Dataset entries:
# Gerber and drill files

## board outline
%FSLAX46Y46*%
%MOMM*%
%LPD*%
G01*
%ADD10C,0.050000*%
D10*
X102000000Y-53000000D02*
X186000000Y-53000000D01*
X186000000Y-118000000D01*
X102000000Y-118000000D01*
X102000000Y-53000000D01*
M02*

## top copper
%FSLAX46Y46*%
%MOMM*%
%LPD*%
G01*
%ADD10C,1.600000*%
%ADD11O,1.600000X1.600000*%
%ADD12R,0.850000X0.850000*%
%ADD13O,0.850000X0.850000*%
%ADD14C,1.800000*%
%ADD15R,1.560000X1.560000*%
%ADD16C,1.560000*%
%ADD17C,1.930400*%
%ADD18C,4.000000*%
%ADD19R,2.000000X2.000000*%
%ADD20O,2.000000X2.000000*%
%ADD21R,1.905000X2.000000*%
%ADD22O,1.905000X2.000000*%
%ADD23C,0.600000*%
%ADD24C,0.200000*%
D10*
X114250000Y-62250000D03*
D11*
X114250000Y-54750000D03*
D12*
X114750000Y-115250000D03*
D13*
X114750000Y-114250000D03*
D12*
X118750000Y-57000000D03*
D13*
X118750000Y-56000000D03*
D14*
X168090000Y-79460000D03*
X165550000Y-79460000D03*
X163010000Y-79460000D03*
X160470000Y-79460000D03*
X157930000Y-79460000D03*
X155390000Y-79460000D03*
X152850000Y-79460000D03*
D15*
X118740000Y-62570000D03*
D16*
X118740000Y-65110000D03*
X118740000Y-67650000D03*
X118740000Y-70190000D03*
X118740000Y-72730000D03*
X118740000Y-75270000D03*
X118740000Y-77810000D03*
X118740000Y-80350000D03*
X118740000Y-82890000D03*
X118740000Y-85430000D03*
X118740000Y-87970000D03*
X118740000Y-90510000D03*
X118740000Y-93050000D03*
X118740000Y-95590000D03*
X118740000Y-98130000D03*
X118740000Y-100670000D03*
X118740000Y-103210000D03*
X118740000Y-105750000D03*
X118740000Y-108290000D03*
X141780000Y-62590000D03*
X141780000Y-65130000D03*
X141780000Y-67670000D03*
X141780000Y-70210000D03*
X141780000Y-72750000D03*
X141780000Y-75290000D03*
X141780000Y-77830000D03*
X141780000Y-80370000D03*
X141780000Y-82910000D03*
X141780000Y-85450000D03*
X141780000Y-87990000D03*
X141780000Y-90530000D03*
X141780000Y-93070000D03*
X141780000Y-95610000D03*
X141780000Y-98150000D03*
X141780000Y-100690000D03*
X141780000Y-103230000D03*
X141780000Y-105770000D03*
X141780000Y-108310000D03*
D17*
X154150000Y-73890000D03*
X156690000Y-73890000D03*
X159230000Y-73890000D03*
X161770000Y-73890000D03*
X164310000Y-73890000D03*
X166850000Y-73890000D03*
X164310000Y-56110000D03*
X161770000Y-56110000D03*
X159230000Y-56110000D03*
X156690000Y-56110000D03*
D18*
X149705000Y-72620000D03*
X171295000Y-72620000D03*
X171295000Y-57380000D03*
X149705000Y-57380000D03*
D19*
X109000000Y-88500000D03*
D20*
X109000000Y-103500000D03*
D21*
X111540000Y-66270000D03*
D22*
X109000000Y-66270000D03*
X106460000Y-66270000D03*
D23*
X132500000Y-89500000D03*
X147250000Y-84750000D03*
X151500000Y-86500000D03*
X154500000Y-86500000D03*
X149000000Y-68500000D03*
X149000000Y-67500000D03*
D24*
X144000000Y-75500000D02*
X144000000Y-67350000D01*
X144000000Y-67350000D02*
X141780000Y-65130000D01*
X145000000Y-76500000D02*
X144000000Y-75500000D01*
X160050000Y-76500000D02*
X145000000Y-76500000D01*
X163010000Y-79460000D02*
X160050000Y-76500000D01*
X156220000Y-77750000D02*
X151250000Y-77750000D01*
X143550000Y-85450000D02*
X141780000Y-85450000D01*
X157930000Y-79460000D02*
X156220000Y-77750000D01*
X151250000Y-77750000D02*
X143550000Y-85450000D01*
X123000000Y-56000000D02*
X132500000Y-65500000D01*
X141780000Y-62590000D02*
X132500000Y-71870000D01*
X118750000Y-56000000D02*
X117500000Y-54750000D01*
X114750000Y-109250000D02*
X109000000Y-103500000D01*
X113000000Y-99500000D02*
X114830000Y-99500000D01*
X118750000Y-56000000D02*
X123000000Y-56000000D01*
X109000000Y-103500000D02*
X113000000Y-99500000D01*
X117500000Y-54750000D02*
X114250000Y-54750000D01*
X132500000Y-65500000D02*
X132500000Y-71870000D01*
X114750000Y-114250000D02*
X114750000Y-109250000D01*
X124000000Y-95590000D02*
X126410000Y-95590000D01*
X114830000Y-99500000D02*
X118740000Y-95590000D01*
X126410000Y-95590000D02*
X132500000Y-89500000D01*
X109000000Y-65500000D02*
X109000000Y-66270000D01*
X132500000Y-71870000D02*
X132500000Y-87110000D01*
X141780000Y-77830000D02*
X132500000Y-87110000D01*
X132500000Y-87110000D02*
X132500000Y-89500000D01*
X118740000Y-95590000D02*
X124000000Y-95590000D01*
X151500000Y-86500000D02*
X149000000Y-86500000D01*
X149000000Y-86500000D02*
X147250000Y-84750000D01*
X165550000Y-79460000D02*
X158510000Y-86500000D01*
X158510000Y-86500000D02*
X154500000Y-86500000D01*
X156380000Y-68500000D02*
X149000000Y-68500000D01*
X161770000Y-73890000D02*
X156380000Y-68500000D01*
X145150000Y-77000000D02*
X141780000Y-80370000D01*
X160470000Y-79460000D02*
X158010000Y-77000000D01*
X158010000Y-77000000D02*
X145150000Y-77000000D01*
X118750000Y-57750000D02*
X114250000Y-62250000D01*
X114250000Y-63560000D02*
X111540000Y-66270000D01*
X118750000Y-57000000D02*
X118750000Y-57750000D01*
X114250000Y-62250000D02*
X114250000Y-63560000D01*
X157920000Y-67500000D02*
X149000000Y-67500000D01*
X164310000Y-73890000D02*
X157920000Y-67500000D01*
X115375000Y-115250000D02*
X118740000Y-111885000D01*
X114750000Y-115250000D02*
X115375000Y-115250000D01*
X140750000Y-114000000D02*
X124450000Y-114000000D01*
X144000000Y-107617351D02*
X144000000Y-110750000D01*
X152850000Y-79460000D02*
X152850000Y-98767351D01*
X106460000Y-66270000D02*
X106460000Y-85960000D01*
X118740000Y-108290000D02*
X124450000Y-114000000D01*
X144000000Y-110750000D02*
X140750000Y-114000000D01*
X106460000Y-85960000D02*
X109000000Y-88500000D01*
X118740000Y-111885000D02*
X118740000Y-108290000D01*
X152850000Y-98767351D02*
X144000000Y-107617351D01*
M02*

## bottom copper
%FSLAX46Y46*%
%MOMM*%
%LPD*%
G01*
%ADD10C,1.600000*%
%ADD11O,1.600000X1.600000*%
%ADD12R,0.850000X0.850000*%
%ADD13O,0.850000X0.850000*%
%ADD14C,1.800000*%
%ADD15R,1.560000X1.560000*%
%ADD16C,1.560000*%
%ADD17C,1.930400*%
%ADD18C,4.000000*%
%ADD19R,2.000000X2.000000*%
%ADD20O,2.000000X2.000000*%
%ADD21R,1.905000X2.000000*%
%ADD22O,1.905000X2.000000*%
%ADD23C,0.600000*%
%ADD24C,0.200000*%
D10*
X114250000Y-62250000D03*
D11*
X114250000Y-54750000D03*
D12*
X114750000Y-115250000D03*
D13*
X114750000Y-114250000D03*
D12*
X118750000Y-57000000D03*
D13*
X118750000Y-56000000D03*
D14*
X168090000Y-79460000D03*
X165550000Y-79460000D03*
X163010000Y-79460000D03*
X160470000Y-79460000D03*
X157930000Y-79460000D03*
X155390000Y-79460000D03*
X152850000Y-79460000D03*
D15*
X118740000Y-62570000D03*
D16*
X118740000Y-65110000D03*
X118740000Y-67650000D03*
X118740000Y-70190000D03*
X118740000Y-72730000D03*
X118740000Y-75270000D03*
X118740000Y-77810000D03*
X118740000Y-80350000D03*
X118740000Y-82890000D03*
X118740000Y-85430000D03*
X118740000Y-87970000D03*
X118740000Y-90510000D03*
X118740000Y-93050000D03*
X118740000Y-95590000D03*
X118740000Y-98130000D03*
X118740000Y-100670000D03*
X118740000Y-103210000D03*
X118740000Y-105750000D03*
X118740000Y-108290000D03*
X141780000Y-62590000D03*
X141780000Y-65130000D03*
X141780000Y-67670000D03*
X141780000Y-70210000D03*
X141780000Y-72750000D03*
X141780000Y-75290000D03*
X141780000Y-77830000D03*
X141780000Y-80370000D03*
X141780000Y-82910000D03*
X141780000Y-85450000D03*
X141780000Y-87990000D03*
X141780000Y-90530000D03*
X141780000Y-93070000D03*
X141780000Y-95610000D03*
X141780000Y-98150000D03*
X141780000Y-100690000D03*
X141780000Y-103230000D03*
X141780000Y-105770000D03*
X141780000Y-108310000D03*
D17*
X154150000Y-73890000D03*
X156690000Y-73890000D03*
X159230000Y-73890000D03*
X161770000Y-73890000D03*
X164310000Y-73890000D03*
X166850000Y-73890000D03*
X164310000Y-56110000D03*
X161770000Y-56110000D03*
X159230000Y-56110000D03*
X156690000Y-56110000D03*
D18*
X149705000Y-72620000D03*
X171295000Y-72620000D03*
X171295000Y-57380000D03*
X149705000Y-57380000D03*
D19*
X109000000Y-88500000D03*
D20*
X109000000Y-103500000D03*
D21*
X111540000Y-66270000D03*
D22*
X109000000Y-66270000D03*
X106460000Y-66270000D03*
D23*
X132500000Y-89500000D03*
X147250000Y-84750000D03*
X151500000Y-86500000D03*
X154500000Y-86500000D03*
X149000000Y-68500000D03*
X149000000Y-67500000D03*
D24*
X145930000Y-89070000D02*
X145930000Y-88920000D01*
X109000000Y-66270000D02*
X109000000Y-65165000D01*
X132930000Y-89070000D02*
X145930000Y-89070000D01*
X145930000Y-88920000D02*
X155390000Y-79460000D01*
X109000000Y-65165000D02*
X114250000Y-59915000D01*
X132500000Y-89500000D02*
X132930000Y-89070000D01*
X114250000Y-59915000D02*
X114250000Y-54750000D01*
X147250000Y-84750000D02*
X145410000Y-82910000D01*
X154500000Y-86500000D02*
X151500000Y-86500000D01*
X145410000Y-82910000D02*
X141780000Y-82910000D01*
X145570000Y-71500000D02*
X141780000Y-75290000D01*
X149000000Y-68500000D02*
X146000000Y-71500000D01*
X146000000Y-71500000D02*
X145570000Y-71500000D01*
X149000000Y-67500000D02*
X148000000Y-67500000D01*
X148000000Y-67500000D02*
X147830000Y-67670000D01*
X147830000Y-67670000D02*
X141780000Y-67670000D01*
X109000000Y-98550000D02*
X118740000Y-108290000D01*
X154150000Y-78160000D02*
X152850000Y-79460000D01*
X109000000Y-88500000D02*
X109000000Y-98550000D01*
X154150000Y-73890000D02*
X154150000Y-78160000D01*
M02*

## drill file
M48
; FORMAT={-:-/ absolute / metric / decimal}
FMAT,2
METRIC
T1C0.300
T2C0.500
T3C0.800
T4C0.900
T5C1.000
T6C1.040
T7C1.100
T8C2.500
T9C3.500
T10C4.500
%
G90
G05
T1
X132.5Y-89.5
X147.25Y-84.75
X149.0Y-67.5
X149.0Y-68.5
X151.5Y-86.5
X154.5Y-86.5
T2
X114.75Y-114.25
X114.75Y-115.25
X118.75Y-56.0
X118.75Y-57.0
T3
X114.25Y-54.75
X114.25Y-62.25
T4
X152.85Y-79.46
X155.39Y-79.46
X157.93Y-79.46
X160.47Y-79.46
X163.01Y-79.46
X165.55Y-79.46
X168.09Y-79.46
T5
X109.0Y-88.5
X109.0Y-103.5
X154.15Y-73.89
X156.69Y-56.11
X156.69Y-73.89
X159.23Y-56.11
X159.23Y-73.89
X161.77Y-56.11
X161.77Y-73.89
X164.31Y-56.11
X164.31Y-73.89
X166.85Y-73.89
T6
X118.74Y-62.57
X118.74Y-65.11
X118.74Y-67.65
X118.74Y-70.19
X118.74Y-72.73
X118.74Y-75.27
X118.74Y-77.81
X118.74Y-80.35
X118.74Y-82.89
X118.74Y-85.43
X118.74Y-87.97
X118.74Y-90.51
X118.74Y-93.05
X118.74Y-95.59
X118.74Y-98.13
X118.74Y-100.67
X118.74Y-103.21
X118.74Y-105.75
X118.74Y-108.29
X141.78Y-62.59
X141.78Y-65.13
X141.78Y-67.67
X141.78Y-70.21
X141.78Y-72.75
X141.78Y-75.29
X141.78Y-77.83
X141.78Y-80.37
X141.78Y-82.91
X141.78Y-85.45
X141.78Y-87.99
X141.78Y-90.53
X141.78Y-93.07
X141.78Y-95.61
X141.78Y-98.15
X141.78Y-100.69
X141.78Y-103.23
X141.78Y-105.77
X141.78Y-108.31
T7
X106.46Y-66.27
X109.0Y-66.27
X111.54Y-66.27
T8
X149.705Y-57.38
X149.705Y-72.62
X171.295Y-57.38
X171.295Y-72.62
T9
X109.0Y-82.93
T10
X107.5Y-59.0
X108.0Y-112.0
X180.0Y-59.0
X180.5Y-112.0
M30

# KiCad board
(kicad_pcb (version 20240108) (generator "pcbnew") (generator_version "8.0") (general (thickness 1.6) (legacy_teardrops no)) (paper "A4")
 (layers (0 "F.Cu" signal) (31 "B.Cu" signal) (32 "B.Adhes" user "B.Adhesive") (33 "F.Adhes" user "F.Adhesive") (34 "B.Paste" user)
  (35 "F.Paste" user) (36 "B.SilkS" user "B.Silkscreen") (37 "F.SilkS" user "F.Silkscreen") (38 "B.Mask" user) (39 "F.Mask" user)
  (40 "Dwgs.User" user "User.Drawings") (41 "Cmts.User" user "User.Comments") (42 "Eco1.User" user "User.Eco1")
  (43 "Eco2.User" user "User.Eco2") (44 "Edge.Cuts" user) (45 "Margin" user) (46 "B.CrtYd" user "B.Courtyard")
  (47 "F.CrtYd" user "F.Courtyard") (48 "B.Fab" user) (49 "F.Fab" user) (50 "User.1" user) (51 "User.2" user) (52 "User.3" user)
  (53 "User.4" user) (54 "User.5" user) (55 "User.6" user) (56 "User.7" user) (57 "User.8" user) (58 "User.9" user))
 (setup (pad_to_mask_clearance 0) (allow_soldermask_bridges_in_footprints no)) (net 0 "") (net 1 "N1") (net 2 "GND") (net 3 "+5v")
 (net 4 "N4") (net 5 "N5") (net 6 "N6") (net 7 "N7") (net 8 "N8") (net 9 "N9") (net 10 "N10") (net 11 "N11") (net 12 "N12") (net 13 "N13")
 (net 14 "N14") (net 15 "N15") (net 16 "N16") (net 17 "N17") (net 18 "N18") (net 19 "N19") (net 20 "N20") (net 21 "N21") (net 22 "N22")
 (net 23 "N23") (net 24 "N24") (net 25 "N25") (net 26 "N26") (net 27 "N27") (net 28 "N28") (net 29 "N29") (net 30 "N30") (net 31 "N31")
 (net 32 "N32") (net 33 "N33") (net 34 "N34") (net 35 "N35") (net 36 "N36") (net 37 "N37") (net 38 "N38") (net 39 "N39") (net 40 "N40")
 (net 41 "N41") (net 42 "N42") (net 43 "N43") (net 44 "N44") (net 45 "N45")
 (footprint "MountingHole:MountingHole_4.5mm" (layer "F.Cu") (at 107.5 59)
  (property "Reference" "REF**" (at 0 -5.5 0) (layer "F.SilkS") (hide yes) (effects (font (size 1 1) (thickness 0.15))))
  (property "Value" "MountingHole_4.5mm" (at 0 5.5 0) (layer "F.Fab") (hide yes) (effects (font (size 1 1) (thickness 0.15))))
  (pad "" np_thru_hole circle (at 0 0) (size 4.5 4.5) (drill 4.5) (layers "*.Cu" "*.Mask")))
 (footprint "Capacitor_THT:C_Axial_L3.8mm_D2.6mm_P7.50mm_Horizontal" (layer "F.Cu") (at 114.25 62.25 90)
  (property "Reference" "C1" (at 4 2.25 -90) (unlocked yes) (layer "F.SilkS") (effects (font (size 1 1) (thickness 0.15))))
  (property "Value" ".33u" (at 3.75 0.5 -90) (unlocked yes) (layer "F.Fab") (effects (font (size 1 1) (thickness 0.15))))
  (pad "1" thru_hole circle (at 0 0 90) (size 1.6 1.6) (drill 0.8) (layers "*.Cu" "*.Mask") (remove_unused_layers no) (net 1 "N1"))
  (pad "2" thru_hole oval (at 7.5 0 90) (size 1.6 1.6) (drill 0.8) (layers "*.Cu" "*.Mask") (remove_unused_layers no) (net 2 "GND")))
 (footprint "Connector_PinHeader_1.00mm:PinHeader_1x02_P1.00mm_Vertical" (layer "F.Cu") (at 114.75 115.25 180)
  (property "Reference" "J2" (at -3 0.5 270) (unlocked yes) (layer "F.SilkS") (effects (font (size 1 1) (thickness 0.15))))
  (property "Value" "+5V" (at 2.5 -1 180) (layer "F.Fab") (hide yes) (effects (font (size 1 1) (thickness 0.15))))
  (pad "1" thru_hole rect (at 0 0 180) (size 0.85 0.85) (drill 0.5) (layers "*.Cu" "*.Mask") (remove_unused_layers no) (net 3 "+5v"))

- _How to complete this task_
Line by line, count how many lines of the entries contain the word "Courtyard", and give only that number.

- _Written answer_
2